Hao Yujun, Ren Wei
Department of Vascular Surgery, First Affiliated Hospital of Chongqing Medical University, Chongqing 400016, PR China.
Zhongguo Xiu Fu Chong Jian Wai Ke Za Zhi. 2012 Mar;26(3):336-40.
To analyze the influencing factors of no-reflow phenomenon after reperfusion in patients with chronic limb ischemia associated with acute thrombosis.
Between January 2009 and December 2010, 59 patients (67 limbs) with chronic limb ischemia associated with acute thrombosis were treated. According to whether the no-reflow phenomenon occurred or not, the patients were divided into no-reflow group (19 patients, 21 limbs) and reflow group (40 patients, 46 limbs). Logistic regression was used to analyze the roles of ischemia time, ischemia extent, smoking, hypertension, cardiovascular and cerebrovascular disease, diabetes, surgical procedure, platelet count, fibrinogen (FBG), prostaglandin 12 (PGI2), and thromboxane A2 (TXA2) on no-reflow phenomenon after reperfusion.
The results of the logistic regression analysis indicated that ischemia time (OR =7.196; 95%CI: 1.679-27.960), ischemia extent (OR = 5.116; 95% CI: 1.399-109.338), smoking (OR = 6.893; 95% CI: 3.704-2 291.003), diabetes (OR = 3.864; 95% CI: 1.009-421.702), PGI2 (OR = 7.985; 95% CI: 1.001-1.043), and TXA2 (OR = 7.643; 95% CI: 1.011-1.065) were the high risk factors of no-reflow phenomenon.

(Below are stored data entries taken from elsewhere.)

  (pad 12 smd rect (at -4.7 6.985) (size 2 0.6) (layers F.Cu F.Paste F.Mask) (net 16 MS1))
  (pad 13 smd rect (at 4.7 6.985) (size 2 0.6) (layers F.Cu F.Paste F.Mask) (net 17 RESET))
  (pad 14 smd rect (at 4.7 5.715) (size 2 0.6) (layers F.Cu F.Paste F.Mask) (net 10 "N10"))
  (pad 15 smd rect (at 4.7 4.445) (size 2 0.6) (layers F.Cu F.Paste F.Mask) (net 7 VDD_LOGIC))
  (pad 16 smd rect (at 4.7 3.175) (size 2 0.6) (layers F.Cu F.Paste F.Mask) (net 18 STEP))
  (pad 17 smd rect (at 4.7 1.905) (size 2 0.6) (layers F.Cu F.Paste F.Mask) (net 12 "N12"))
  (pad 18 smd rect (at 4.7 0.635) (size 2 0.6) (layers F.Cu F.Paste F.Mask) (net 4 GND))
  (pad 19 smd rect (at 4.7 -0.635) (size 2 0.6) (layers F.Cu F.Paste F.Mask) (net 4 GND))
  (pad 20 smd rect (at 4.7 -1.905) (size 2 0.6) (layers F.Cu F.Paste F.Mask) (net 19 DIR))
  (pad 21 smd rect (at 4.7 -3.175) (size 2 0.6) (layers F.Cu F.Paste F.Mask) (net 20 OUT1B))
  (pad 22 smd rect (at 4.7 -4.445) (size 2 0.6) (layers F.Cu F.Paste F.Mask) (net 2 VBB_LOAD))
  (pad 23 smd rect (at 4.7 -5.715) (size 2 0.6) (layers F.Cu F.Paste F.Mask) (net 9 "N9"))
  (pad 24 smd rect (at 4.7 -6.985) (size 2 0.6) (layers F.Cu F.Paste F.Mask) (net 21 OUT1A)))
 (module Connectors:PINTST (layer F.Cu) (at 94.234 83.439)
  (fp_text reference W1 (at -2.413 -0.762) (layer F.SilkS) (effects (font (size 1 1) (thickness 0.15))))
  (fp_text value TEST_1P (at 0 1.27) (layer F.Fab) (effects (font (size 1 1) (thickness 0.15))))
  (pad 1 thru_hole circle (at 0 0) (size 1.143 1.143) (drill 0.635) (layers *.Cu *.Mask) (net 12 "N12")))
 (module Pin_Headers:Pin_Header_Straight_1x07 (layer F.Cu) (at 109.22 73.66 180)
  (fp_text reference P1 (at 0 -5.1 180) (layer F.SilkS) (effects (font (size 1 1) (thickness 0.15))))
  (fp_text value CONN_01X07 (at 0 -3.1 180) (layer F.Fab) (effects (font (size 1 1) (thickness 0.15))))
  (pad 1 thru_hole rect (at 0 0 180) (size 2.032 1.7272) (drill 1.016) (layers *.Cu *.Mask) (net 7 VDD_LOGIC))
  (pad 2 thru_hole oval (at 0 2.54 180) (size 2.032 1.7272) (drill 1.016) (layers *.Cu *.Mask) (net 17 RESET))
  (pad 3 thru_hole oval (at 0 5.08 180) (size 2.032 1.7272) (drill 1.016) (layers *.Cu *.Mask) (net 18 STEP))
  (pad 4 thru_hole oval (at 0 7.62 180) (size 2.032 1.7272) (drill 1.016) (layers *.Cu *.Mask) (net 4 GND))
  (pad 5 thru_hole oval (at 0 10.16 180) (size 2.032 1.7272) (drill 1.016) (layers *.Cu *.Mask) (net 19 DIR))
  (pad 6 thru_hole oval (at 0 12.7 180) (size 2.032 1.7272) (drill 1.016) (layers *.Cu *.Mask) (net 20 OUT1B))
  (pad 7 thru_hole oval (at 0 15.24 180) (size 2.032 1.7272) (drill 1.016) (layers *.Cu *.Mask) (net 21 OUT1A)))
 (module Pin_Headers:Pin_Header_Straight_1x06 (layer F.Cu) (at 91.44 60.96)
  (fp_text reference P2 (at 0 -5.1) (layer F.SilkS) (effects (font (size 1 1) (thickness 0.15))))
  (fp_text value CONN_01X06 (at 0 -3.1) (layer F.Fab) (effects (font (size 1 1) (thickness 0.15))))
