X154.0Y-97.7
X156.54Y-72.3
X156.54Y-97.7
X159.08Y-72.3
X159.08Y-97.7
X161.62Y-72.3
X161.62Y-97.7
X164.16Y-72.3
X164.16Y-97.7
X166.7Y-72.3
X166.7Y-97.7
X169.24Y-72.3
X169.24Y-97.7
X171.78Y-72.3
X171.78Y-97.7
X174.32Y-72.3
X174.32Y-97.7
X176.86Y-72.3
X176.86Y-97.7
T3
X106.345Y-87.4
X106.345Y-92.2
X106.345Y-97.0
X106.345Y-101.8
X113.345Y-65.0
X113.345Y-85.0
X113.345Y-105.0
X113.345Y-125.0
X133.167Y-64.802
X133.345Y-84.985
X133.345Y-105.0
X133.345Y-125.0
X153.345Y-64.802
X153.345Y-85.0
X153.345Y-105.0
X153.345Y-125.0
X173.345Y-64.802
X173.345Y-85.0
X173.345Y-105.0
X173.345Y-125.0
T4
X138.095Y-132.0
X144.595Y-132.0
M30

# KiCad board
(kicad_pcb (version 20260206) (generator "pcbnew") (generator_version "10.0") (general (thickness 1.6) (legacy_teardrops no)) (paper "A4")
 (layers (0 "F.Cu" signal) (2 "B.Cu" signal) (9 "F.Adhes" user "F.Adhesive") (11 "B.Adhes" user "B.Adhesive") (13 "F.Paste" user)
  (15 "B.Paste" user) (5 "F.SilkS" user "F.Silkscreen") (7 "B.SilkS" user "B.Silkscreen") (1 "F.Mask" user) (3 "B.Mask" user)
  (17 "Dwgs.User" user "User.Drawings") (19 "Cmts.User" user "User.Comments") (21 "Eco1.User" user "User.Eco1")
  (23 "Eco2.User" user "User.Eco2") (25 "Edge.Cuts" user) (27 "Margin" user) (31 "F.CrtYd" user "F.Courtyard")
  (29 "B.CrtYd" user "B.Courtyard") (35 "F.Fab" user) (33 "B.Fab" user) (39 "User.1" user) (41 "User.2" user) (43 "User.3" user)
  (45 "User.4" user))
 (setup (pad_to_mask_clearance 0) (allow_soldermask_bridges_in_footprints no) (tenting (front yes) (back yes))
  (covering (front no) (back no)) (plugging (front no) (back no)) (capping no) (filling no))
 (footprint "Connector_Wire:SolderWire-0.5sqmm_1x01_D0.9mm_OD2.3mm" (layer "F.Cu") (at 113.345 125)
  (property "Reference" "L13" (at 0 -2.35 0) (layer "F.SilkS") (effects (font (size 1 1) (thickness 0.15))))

The levels of TXA2 and FBG in no-reflow group were significantly increased and the level of PGI2 was decreased, showing significant differences when compared with the reflow group (P < 0.05). However, no significant difference was found in the platelet count between 2 groups (P > 0.05).
Ischemia extent and ischemia time are the main influencing factors of no-reflow phenomenon after reperfusion in patients with chronic limb ischemia associated with acute thrombosis, and the patients combined with smoking or diabetes are high risk population of the no-reflow phenomenon. Postoperative patients with no-reflow phenomenon are at a hypercoagulable state in vivo, in which prostacyclin plays an important role.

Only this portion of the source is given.